C’est pourquoi, dans le code d’Instruction criminelle, plusieurs dispositions ont été ajoutées au fil du temps pour résoudre certains types de dossiers, comme le trafic de stupéfiants ou les violences intrafamiliales. L’une d’entre elles est la procédure accélérée, soit la convocation par procès-verbal d’une personne en liberté dans les deux mois après son audition devant le procureur du Roi. Ces affaires ne nécessitant que des devoirs d’enquêtes légers, le Ministère public peut décider d’instruire via ce processus et ainsi éviter des procédures longues, parfois fastidieuses.
Des affaires bâclées ?
Si certains sont de fervents défenseurs de la procédure accélérée, reste qu’à la barre, elle est attaquée par les avocats : la rapidité du traitement de l’affaire devient un argument brandit par la défense pour acquitter un client. Enquêtes réalisées à la va-vite, bâclées… dans leurs plaidoiries, ils sont nombreux à remettre en cause la légitimité des devoirs, lesquels ne seraient pas assez approfondis.
Un discours que le Parquet réfute. « C’est faux. Par définition, ce sont des dossiers très simples, souvent avec des flagrants-délits…. Cela n’est peut-être pas favorable à leur client, mais les dossiers sont généralement complets, il y a assez que pour pouvoir poursuivre », nous glisse un substitut du Procureur du Roi. Dans les affaires traitées via des procédures accélérées, les devoirs sont en moyenne réalisés plus rapidement puisqu’ils consistent le plus souvent en des enquêtes de voisinage ou des auditions de témoins.
Une augmentation liée à la réalité de terrain
Ces dernières années, le nombre de procédures accélérées est augmentation. « Ce n’est pas un choix réfléchi, c’est assez mécanique« , indique le Parquet. « Il y en a de plus en plus, mais c’est le reflet de la criminalité« . Les faits « simples » le plus souvent traités via des procédures accélérées sont les vols et le trafic de stupéfiants. En 2023, 97.793 affaires de vols et extorsion sont entrées dans le système judiciaire belge contre 93.196 l’année précédente. La tendance est similaire pour les dossiers de stupéfiants (+7%).
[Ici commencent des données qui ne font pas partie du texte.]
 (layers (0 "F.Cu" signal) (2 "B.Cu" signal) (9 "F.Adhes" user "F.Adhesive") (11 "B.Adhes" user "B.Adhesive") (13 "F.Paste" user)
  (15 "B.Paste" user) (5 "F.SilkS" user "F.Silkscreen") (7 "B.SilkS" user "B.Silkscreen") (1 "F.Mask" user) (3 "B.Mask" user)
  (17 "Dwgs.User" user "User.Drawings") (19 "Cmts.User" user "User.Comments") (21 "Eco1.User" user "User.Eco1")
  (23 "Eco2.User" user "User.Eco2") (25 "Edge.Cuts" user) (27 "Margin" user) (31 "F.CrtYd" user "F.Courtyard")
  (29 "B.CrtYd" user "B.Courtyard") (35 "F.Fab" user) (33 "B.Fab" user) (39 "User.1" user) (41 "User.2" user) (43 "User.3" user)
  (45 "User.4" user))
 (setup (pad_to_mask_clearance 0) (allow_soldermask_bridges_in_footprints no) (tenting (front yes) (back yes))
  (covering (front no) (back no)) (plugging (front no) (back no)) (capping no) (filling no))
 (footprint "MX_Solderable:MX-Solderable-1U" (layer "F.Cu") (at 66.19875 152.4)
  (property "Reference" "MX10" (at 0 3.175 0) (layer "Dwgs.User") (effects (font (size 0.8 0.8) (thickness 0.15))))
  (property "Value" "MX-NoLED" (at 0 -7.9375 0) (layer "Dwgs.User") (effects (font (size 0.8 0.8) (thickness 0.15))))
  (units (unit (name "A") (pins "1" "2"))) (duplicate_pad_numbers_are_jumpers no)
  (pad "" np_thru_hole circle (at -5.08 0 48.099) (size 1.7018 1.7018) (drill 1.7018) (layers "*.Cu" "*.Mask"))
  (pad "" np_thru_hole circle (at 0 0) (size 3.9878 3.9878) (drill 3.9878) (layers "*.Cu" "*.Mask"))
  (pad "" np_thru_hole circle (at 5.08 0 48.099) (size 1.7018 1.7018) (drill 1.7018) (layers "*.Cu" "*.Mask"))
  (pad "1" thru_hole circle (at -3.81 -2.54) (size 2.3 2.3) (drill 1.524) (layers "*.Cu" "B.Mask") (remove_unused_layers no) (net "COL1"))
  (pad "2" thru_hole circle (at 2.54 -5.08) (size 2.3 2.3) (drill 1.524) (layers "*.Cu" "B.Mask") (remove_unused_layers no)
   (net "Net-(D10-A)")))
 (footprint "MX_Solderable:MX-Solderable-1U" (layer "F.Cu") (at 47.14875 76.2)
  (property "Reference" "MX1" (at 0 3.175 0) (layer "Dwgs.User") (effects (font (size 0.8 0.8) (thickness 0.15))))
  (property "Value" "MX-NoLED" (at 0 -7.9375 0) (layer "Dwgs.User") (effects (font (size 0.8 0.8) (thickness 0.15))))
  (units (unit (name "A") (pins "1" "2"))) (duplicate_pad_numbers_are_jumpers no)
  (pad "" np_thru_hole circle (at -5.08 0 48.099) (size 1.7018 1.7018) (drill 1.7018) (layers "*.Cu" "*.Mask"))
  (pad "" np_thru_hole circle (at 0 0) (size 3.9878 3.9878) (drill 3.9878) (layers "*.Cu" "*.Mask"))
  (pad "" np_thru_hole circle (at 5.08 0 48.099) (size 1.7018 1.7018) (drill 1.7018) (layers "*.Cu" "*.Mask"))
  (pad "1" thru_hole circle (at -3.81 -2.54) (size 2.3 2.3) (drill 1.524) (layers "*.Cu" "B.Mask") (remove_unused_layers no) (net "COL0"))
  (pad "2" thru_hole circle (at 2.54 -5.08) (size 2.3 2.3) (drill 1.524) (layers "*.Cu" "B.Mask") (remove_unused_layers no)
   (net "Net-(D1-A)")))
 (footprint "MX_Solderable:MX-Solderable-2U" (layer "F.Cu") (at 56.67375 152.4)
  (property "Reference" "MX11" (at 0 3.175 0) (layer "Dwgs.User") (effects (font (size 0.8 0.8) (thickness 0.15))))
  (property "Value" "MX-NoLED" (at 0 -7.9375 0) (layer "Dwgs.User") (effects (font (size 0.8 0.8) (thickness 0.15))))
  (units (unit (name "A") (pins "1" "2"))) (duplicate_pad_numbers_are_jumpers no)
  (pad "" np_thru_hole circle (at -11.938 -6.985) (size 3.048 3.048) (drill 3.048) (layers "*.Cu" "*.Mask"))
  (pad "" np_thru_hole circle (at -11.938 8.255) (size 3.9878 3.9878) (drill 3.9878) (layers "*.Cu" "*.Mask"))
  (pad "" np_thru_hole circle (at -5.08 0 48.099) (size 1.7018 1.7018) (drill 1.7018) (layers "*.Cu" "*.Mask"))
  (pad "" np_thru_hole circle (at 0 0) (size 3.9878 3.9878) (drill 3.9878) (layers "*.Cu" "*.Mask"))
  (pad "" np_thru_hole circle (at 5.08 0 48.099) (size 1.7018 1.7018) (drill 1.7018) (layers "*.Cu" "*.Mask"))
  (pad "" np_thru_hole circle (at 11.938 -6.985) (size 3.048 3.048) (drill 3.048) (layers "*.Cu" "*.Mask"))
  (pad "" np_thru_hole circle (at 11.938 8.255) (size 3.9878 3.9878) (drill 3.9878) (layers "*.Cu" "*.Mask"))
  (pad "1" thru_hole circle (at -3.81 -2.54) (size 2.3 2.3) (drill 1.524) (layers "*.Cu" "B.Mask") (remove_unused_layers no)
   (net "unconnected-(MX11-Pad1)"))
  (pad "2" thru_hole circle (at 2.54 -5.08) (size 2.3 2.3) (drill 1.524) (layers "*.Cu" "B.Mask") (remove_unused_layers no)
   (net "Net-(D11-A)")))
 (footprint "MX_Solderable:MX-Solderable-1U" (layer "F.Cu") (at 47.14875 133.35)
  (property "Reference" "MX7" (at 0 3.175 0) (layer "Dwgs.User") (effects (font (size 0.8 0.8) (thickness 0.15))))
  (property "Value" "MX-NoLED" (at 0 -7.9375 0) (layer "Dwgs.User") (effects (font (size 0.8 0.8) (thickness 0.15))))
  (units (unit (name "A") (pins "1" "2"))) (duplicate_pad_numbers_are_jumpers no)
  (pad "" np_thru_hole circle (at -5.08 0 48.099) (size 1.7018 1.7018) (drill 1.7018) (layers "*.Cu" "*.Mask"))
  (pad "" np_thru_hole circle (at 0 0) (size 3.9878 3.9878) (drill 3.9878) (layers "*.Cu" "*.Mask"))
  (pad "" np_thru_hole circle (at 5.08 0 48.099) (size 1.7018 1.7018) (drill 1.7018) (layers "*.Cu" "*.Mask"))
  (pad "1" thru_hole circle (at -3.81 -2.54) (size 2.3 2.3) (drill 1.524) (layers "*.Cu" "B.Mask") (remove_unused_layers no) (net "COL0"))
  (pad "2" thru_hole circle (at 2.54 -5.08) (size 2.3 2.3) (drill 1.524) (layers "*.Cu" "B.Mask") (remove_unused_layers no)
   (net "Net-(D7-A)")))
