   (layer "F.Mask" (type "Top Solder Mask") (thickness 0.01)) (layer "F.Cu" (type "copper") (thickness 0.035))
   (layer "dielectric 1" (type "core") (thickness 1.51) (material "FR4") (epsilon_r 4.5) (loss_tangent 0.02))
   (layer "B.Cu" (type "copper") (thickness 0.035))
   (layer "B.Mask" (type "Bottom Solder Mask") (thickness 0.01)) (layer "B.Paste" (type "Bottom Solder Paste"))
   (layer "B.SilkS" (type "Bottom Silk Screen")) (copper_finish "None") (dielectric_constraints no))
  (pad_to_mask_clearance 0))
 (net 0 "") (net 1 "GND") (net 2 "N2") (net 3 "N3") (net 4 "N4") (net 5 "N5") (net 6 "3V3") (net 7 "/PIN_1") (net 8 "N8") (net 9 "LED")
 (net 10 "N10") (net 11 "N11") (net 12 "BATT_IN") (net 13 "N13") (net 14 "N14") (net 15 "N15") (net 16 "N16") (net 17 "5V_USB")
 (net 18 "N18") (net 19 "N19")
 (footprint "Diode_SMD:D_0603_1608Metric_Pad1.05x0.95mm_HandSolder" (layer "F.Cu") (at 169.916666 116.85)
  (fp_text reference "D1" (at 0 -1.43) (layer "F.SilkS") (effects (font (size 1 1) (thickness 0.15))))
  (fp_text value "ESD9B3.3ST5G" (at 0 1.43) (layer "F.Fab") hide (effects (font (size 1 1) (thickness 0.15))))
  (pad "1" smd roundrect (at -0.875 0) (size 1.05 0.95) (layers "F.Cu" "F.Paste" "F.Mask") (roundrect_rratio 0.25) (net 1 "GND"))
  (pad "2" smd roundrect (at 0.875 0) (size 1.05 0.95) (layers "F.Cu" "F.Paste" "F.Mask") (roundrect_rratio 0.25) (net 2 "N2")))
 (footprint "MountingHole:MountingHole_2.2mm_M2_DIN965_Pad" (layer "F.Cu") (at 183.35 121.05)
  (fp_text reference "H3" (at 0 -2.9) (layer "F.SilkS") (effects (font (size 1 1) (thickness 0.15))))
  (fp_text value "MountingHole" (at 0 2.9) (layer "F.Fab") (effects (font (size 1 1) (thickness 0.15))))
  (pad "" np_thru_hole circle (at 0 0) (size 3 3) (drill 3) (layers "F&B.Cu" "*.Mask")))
La justice est-elle capable d’absorber cette augmentation ? « Pour toute une série de dossiers, oui, au niveau du Parquet. Mais au niveau du tribunal, les délais sont plus longs parce qu’il n’y a pas assez d’audiences », estime notre substitut.
Procédure accélérée ou pas, le principal problème resterait donc le nombre d’audiences, toujours insuffisant. Au 1er janvier 2023, on dénombrait 182.598 affaire pendantes en Belgique, soit des affaires auxquelles aucune décision clôturante n’a été attribuée à cette date.